Coltsfoot by a Pennsylvania roadside, with cigarette butt. Image ©Garden Photos.com
This week, here in Pennsylvania, the roadsides are bright with a colorful wildflower at its peak. OK, of course, it’s not actually a Pennsylvania native, or even an American native, but it sure looks sunny.

Coltsfoot, Tussilago farfara (above, click to enlarge), is a widespread British plant which presumably came over with colonists. In Britain it grows in many sunny places, often on heavy soils, and it’s been a difficult agricultural weed; its white runners are certainly very resilient.

In the US, it’s now found in much of the east and north east, and in the Pacific North West, while in Pennsylvania the USDA distribution map reveals that our county, Pike County, in the east of PA, is one of the few where it’s not found.
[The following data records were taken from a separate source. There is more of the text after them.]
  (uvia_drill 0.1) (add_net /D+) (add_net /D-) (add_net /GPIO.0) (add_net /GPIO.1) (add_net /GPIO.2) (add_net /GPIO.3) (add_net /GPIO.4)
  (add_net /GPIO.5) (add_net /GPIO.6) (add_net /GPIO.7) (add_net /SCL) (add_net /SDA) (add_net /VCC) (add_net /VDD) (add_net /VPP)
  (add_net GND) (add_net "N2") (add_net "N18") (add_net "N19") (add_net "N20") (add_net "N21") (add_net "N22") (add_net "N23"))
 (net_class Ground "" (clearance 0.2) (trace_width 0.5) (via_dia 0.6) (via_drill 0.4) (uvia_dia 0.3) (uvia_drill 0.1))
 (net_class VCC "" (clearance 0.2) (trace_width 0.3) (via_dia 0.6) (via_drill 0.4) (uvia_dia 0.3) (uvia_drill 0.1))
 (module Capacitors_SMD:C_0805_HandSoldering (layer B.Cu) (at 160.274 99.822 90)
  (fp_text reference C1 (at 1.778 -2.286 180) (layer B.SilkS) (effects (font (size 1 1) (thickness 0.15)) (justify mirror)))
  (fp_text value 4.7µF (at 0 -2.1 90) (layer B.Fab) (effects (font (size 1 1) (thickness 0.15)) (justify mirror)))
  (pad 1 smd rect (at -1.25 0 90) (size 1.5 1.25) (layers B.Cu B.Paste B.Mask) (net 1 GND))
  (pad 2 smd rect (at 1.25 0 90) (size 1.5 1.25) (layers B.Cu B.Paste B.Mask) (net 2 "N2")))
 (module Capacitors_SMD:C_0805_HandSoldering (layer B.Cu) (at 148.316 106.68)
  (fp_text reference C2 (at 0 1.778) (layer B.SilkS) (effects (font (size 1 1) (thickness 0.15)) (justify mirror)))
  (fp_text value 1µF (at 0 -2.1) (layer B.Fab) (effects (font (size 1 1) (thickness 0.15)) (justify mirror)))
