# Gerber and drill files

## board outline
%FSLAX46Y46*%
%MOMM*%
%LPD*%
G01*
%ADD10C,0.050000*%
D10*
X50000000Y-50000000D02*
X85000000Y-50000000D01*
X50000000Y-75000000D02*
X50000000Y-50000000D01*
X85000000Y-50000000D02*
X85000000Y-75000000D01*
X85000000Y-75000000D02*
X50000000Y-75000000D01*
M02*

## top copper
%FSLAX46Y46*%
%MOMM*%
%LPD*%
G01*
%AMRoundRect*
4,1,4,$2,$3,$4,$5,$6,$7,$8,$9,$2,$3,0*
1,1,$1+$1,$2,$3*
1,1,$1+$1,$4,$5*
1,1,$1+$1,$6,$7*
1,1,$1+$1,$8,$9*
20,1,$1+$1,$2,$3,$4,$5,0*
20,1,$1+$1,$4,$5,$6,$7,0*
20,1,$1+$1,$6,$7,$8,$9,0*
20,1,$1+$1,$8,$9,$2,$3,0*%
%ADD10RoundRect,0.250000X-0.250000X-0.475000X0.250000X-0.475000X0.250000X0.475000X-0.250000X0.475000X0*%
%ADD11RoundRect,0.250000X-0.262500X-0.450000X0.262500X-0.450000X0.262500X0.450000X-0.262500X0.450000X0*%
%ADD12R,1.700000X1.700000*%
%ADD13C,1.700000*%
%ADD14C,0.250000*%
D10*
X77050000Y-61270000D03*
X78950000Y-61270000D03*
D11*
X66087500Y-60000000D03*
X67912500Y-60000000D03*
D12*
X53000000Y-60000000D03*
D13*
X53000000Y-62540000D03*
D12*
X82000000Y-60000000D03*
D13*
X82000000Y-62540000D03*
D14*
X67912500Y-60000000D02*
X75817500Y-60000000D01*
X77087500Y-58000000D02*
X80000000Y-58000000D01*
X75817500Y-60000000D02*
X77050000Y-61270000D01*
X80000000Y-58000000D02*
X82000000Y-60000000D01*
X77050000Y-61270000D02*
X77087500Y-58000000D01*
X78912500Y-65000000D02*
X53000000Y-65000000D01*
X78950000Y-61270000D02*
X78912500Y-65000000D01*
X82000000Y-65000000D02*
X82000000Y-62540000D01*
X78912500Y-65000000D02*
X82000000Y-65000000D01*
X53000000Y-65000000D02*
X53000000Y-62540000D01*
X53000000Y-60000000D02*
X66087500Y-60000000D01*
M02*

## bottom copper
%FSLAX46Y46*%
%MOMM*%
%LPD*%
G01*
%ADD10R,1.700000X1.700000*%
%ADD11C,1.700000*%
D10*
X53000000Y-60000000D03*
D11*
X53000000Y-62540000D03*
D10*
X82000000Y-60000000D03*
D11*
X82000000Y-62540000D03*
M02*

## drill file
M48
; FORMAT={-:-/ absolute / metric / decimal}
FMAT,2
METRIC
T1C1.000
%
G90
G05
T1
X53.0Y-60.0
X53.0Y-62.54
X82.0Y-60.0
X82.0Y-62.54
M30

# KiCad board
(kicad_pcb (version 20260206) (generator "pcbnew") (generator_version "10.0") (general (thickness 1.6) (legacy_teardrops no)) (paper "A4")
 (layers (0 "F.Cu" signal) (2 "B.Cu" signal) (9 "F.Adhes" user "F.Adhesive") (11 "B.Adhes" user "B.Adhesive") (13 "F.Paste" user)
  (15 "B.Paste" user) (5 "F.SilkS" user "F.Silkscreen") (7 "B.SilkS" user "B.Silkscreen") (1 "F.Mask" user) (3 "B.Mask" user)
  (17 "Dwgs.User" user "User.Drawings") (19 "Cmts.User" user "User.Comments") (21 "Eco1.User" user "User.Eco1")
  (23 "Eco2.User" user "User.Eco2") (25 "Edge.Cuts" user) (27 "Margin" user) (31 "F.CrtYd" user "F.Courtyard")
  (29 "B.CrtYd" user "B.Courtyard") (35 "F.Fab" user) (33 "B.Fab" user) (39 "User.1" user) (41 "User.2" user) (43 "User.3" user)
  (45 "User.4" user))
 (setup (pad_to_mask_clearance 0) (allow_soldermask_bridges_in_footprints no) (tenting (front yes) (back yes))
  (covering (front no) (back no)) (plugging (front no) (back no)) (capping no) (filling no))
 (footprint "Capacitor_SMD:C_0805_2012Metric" (layer "F.Cu") (at 78 61.27)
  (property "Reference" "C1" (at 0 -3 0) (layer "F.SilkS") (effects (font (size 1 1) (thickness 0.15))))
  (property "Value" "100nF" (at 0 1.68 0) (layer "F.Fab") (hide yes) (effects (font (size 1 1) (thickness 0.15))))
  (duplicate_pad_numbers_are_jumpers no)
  (pad "1" smd roundrect (at -0.95 0) (size 1 1.45) (layers "F.Cu" "F.Mask" "F.Paste") (roundrect_rratio 0.25) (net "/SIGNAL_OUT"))
  (pad "2" smd roundrect (at 0.95 0) (size 1 1.45) (layers "F.Cu" "F.Mask" "F.Paste") (roundrect_rratio 0.25) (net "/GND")))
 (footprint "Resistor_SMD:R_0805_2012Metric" (layer "F.Cu") (at 67 60)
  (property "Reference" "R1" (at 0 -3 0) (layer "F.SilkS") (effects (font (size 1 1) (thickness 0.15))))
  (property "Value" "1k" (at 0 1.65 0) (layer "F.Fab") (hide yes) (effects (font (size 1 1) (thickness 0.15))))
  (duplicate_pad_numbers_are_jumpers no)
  (pad "1" smd roundrect (at -0.9125 0) (size 1.025 1.4) (layers "F.Cu" "F.Mask" "F.Paste") (roundrect_rratio 0.243902) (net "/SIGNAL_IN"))
  (pad "2" smd roundrect (at 0.9125 0) (size 1.025 1.4) (layers "F.Cu" "F.Mask" "F.Paste") (roundrect_rratio 0.243902) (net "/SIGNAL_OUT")))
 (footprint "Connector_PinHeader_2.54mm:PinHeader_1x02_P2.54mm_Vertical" (layer "F.Cu") (at 53 60)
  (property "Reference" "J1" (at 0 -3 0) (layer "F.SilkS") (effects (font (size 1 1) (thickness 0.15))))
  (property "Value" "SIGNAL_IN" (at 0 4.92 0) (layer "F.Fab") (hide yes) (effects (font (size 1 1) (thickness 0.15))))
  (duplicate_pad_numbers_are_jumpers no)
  (pad "1" thru_hole rect (at 0 0) (size 1.7 1.7) (drill 1) (layers "*.Cu" "*.Mask") (remove_unused_layers no) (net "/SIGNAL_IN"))
  (pad "2" thru_hole circle (at 0 2.54) (size 1.7 1.7) (drill 1) (layers "*.Cu" "*.Mask") (remove_unused_layers no) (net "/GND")))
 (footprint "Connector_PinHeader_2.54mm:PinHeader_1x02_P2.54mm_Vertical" (layer "F.Cu") (at 82 60)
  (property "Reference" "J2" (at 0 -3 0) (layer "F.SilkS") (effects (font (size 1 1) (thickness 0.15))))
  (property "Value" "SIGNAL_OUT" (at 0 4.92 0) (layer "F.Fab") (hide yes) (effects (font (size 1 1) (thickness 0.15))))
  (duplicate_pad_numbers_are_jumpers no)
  (pad "1" thru_hole rect (at 0 0) (size 1.7 1.7) (drill 1) (layers "*.Cu" "*.Mask") (remove_unused_layers no) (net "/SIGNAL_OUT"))
  (pad "2" thru_hole circle (at 0 2.54) (size 1.7 1.7) (drill 1) (layers "*.Cu" "*.Mask") (remove_unused_layers no) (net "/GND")))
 (gr_line (start 50 50) (end 85 50) (stroke (width 0.05) (type default)) (layer "Edge.Cuts"))
 (gr_line (start 50 75) (end 50 50) (stroke (width 0.05) (type default)) (layer "Edge.Cuts"))
 (gr_line (start 85 50) (end 85 75) (stroke (width 0.05) (type default)) (layer "Edge.Cuts"))
 (gr_line (start 85 75) (end 50 75) (stroke (width 0.05) (type default)) (layer "Edge.Cuts"))
 (segment (start 67.9125 60) (end 75.8175 60) (width 0.25) (layer "F.Cu") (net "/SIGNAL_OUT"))
 (segment (start 77.0875 58) (end 80 58) (width 0.25) (layer "F.Cu") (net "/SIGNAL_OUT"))
 (segment (start 75.8175 60) (end 77.05 61.27) (width 0.25) (layer "F.Cu") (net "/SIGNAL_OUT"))
 (segment (start 80 58) (end 82 60) (width 0.25) (layer "F.Cu") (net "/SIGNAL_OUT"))
 (segment (start 77.05 61.27) (end 77.0875 58) (width 0.25) (layer "F.Cu") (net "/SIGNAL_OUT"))
 (segment (start 78.9125 65) (end 53 65) (width 0.25) (layer "F.Cu") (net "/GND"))
 (segment (start 78.95 61.27) (end 78.9125 65) (width 0.25) (layer "F.Cu") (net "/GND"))
 (segment (start 82 65) (end 82 62.54) (width 0.25) (layer "F.Cu") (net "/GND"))
 (segment (start 78.9125 65) (end 82 65) (width 0.25) (layer "F.Cu") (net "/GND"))
 (segment (start 53 65) (end 53 62.54) (width 0.25) (layer "F.Cu") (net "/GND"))
 (segment (start 53 60) (end 66.0875 60) (width 0.25) (layer "F.Cu") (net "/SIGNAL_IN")))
Don’t think so: see pictures.

Pennsylvania roadside population of coltsfoot, with beer can. Image ©GardenPhotos.comHere in the US, I’ve only ever seen it on roadsides (left, click to enlarge) and in roadside parking areas although the Flora of Pennsylvania reports it “on roadsides, railroad rights-of-way, stream banks, and waste places” – which is pretty much exactly the language used to describe the distribution of Japanese knotweed. The implication being that man’s activities spread it along roads and where road meets river the river takes a hand. In Alabama it’s noted as “Class A noxious weed”; in Connecticut as “Invasive, banned”; in Massachusetts it’s “Prohibited” while in Oregon it’s an “"A" designated weed”. Sounds like it can be a bit of a beast.

But why “coltsfoot”? Well, this more or less describes the hoof-shaped leaves which emerge when the flowers are done. So it’s also been known as horse-hoof, and foal’s foot.

But this is actually quite a useful plant. It turns out – courtesy of Geoffrey Grigson’s wonderful book The Englishman’s Flora – that not only were the dried leaves once smoked to alleviate asthma, but that it’s still an ingredient of herbal tobacco. And, in the long gone days of tinder-boxes, the silver down on the backs of the leaves was collected as tinder. (What a job that must have been.) So perhaps plants were brought to the new world because they were so useful. It seems, in the US at least, they’re now becoming rather the opposite.

But, here in Pennsylvania, I like to see them brightening up the roadsides in spring. Just warming us up for the dandelions - of which more another time.